Weighted (Non-Linear) Regressions with 2D Errors#
A few weeks ago in the level-2 skills workshops we revised how to perform a weighted regression anaysis for any function (linear or otherwise) using scipy.optimize.curve_fit in Python. If you would like a reminder of how to use curve fit, please take a look at the example below:
# import the packages needed
import numpy as np
import matplotlib.pyplot as plt
from scipy.optimize import curve_fit
# Let us first generate some non-linear x-y data with uncertainties for the y-variable.
# The data will follow a Gaussian distribution with some noise to make it more realistic.
# The error on the y-values will be randomly generated.
def NoisyGaussian(xData, a, b, c, d):
y = a * np.exp((-1*(xData-b)**2)/(2*c**2))
noise = np.random.normal(0,2,101)
y = y + noise + d
return y
xData = np.linspace(0,100,101)
yData = NoisyGaussian(xData, 30, 50, 10, 10)
yError = np.random.normal(0,2,101)
# Let us then plot this data to see what it looks like.
plt.figure(figsize=(10,6))
plt.errorbar(xData, yData, yerr = yError, marker = 'o', linestyle = ' ', color = 'k', label = 'Data')
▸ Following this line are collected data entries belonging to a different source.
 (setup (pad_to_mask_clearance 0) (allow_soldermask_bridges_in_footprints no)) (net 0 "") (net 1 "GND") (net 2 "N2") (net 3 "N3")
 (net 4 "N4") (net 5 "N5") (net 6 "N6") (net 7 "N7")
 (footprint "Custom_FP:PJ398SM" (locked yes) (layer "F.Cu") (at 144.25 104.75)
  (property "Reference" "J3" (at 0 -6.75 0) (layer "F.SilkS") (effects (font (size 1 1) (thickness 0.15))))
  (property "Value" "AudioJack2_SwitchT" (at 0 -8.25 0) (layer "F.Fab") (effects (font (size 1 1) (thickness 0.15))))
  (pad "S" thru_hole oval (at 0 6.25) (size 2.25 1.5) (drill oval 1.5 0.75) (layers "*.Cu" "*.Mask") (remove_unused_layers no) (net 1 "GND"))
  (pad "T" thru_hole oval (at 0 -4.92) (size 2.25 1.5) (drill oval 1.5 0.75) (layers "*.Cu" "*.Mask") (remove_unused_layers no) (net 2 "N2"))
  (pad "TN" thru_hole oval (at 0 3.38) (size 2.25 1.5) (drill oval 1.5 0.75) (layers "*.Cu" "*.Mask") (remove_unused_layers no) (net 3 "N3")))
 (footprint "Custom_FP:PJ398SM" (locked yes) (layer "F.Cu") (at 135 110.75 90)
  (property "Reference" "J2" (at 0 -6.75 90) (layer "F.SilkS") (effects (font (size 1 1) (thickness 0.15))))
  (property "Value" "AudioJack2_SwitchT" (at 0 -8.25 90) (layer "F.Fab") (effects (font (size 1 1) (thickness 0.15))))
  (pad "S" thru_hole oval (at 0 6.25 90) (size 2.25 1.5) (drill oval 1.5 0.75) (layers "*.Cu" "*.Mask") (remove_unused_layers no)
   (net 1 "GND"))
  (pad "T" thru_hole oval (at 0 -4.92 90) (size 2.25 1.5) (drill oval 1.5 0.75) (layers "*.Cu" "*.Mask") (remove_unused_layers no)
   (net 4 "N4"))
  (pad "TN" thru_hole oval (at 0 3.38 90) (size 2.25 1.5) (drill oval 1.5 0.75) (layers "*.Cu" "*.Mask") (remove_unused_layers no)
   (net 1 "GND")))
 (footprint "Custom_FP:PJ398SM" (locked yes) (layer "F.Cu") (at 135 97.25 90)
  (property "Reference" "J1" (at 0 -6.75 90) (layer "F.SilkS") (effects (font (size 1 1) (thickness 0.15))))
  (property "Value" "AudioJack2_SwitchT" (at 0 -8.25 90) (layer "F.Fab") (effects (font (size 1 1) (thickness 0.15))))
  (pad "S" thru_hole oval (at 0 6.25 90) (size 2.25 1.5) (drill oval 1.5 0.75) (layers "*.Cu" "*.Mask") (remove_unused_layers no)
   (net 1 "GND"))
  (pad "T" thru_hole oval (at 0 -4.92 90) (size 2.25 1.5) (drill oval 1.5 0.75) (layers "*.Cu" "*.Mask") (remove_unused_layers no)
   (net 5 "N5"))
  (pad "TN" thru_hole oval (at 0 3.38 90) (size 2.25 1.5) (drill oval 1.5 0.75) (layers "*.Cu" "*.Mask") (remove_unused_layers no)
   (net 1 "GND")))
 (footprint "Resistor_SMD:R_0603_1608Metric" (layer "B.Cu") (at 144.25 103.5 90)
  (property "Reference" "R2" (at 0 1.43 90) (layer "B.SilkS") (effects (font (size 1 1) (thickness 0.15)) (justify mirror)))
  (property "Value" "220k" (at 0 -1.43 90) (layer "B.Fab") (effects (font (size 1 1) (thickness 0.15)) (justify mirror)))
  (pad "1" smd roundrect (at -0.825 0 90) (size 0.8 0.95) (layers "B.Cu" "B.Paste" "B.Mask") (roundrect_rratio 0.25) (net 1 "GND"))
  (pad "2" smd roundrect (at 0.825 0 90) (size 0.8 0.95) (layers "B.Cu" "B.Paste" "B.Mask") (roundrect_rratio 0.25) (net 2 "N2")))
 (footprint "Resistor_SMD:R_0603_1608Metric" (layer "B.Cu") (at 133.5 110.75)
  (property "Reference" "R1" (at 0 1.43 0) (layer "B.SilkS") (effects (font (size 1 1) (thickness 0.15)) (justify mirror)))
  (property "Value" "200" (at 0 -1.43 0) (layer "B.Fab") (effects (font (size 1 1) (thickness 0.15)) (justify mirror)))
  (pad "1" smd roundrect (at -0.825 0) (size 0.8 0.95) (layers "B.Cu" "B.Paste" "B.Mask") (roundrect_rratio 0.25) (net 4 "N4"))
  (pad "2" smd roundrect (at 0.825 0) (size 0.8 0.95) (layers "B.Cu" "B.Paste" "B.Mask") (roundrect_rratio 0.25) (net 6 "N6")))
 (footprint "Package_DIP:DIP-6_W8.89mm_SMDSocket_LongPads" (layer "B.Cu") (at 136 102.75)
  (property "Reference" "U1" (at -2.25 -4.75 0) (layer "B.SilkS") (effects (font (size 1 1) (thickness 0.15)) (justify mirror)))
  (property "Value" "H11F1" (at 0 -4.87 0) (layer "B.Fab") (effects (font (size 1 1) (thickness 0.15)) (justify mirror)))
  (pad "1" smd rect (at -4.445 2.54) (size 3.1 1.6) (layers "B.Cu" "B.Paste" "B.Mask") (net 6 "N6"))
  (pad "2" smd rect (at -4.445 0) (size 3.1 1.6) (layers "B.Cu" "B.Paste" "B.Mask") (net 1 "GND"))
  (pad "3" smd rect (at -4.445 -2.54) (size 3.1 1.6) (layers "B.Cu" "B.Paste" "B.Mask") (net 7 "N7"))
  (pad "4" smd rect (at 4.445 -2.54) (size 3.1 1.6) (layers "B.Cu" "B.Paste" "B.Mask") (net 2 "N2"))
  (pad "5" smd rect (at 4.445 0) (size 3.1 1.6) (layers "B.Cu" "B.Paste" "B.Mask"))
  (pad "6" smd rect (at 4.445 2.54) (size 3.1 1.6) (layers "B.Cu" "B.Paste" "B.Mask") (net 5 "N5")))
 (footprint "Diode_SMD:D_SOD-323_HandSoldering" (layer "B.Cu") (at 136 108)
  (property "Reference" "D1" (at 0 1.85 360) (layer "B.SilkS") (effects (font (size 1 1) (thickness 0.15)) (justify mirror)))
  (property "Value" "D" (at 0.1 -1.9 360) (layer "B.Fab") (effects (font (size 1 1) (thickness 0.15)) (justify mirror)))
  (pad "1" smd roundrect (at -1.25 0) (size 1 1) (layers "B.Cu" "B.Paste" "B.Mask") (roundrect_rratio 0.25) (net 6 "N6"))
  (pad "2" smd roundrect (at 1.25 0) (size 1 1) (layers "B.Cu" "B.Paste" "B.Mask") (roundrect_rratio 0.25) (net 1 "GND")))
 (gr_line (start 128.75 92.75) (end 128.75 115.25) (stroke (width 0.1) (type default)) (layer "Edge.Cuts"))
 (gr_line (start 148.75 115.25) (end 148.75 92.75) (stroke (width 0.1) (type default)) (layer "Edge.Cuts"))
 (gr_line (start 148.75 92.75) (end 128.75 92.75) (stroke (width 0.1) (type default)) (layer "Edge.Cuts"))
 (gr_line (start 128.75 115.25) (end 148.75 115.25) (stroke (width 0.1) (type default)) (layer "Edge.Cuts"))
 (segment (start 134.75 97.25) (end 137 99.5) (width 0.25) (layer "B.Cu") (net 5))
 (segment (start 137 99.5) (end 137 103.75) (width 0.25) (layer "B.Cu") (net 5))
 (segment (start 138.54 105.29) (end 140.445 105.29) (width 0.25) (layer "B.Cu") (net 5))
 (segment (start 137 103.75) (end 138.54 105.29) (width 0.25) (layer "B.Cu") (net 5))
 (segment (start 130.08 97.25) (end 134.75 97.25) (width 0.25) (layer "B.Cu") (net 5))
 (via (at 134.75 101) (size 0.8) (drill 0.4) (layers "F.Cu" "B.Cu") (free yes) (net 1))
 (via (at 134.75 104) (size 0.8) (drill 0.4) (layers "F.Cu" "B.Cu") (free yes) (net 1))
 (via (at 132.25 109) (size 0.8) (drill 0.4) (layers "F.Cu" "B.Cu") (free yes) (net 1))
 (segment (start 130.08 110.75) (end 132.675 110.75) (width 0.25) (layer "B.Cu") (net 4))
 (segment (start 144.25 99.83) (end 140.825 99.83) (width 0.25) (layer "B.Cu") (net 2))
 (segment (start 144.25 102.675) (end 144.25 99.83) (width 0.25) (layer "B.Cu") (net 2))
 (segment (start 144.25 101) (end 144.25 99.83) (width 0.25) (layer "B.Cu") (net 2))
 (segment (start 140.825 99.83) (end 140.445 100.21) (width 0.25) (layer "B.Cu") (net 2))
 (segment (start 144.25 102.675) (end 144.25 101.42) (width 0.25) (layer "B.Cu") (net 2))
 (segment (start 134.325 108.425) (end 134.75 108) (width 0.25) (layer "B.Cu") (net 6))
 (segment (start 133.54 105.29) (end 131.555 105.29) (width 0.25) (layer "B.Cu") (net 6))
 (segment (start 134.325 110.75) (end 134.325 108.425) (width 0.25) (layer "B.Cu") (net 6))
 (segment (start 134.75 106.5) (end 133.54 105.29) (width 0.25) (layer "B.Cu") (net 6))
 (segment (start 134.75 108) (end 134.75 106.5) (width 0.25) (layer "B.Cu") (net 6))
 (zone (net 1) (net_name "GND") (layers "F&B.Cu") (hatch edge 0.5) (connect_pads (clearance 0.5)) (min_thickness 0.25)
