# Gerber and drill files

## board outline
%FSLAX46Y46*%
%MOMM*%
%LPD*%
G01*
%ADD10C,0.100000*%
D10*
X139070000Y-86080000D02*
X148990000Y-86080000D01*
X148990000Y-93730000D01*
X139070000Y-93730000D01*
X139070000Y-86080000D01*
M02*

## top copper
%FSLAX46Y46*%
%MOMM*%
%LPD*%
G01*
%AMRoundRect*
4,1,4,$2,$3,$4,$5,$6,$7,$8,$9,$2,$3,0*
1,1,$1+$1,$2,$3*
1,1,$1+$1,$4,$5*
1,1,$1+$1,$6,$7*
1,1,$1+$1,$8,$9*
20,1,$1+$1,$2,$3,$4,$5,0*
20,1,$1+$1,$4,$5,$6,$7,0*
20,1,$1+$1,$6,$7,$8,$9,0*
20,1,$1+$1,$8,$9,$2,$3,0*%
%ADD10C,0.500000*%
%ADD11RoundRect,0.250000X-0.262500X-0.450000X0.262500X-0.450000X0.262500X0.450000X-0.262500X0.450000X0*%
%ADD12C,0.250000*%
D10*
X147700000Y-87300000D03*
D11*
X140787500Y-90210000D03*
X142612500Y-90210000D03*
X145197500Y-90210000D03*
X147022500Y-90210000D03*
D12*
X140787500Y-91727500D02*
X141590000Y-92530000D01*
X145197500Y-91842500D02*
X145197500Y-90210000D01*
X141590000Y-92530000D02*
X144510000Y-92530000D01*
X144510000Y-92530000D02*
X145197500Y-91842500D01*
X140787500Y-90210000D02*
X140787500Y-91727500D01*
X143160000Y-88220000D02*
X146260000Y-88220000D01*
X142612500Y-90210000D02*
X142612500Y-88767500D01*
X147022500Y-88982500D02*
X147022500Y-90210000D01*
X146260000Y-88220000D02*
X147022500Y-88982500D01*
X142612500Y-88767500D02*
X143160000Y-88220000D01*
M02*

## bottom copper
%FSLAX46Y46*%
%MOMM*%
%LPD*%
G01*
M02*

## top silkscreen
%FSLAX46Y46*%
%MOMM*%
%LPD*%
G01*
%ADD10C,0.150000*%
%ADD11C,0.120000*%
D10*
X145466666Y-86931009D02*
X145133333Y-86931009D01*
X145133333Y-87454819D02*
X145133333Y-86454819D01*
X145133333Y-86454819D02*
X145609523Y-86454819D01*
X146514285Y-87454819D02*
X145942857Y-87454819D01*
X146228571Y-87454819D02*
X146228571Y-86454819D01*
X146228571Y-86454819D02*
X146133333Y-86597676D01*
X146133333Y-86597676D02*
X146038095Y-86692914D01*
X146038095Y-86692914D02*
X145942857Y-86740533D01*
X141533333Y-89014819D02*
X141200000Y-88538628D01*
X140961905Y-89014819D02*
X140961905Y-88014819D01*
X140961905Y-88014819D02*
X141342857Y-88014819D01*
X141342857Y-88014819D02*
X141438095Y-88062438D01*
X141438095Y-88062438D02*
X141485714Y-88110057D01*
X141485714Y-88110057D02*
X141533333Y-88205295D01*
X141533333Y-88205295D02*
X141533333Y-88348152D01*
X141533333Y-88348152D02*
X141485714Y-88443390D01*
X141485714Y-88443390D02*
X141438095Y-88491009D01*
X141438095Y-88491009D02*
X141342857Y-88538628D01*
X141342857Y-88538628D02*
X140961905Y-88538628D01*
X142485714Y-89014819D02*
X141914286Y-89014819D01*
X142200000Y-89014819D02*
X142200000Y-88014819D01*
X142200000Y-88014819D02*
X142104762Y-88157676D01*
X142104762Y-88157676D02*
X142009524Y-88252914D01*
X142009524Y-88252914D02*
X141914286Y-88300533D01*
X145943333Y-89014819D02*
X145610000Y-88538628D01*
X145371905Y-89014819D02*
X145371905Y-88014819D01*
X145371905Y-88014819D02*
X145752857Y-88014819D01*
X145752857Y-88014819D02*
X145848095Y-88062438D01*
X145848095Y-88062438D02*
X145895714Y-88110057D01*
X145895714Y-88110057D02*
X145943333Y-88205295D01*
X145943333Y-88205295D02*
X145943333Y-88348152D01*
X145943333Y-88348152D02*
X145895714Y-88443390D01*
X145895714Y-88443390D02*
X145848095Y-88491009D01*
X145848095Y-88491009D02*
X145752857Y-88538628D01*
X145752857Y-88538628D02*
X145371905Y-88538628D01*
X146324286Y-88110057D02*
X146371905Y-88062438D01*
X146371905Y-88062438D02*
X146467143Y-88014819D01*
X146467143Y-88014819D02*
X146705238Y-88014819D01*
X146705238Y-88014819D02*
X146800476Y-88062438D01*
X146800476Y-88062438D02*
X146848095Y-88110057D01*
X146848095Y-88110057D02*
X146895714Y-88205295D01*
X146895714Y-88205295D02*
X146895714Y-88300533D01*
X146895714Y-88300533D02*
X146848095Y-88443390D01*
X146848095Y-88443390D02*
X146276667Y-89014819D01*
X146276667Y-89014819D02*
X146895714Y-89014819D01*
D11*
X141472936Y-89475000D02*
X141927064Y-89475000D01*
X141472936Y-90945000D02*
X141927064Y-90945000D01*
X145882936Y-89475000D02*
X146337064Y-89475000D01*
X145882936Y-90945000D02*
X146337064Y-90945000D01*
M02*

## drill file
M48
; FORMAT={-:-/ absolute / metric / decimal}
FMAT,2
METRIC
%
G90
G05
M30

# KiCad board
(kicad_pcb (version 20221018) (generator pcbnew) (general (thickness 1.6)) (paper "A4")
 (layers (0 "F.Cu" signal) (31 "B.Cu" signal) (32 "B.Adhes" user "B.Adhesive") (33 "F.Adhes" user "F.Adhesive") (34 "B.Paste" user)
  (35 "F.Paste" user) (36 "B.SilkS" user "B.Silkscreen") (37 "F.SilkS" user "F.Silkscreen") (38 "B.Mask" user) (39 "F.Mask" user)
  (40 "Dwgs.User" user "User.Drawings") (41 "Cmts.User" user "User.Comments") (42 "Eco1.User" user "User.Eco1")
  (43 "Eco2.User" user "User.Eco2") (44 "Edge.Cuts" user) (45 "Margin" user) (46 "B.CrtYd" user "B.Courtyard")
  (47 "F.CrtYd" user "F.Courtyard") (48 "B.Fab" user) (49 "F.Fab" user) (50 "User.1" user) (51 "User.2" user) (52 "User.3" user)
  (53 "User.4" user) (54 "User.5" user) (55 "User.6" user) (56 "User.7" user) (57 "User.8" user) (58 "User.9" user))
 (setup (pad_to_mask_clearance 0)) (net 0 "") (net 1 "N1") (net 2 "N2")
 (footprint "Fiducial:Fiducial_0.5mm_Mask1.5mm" (layer "F.Cu") (at 147.7 87.3)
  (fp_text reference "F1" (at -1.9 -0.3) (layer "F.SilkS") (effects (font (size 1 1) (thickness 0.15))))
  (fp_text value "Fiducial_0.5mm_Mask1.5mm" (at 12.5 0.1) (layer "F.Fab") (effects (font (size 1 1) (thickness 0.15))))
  (pad "" smd circle (at 0 0) (size 0.5 0.5) (layers "F.Cu" "F.Mask") (solder_mask_margin 0.5) (clearance 0.5)))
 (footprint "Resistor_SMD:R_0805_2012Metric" (layer "F.Cu") (at 141.7 90.21)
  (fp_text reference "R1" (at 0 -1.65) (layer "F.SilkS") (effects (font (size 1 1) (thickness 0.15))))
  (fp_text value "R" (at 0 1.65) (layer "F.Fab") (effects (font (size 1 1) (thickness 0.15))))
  (fp_line (start -0.227064 -0.735) (end 0.227064 -0.735) (stroke (width 0.12) (type solid)) (layer "F.SilkS"))
  (fp_line (start -0.227064 0.735) (end 0.227064 0.735) (stroke (width 0.12) (type solid)) (layer "F.SilkS"))
  (pad "1" smd roundrect (at -0.9125 0) (size 1.025 1.4) (layers "F.Cu" "F.Paste" "F.Mask") (roundrect_rratio 0.243902) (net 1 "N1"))
  (pad "2" smd roundrect (at 0.9125 0) (size 1.025 1.4) (layers "F.Cu" "F.Paste" "F.Mask") (roundrect_rratio 0.243902) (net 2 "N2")))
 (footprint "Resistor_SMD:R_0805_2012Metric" (layer "F.Cu") (at 146.11 90.21)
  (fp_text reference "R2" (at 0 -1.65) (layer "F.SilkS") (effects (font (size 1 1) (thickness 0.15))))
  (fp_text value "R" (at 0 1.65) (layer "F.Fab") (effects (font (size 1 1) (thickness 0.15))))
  (fp_line (start -0.227064 -0.735) (end 0.227064 -0.735) (stroke (width 0.12) (type solid)) (layer "F.SilkS"))
  (fp_line (start -0.227064 0.735) (end 0.227064 0.735) (stroke (width 0.12) (type solid)) (layer "F.SilkS"))
  (pad "1" smd roundrect (at -0.9125 0) (size 1.025 1.4) (layers "F.Cu" "F.Paste" "F.Mask") (roundrect_rratio 0.243902) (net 1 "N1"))
  (pad "2" smd roundrect (at 0.9125 0) (size 1.025 1.4) (layers "F.Cu" "F.Paste" "F.Mask") (roundrect_rratio 0.243902) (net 2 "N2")))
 (gr_rect (start 139.07 86.08) (end 148.99 93.73) (stroke (width 0.1) (type solid)) (fill none) (layer "Edge.Cuts"))
 (segment (start 140.7875 91.7275) (end 141.59 92.53) (width 0.25) (layer "F.Cu") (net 1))
 (segment (start 145.1975 91.8425) (end 145.1975 90.21) (width 0.25) (layer "F.Cu") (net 1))
 (segment (start 141.59 92.53) (end 144.51 92.53) (width 0.25) (layer "F.Cu") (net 1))
 (segment (start 144.51 92.53) (end 145.1975 91.8425) (width 0.25) (layer "F.Cu") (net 1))
 (segment (start 140.7875 90.21) (end 140.7875 91.7275) (width 0.25) (layer "F.Cu") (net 1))
 (segment (start 143.16 88.22) (end 146.26 88.22) (width 0.25) (layer "F.Cu") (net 2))
 (segment (start 142.6125 90.21) (end 142.6125 88.7675) (width 0.25) (layer "F.Cu") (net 2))
 (segment (start 147.0225 88.9825) (end 147.0225 90.21) (width 0.25) (layer "F.Cu") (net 2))
 (segment (start 146.26 88.22) (end 147.0225 88.9825) (width 0.25) (layer "F.Cu") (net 2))
 (segment (start 142.6125 88.7675) (end 143.16 88.22) (width 0.25) (layer "F.Cu") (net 2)))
plt.xlabel('xData [units]')
plt.ylabel('yData [units]')
plt.legend()
plt.grid()
plt.show()
<Figure size 1000x600 with 1 Axes>
# To use curve fit, we need to do define the function (model) that we are going to fit
# to the data. In this case a Gaussain.
def Gaussian(xData, a, b, c, d):
y = a * np.exp((-1*(xData-b)**2)/(2*c**2)) + d
return y
# We then use curve_fit, which requires the function, the x-data, y-data and starting estimates for the
# parameters we are wishing to optimise (a = amplitude, b = mean, c = standard deviation, d = background noise).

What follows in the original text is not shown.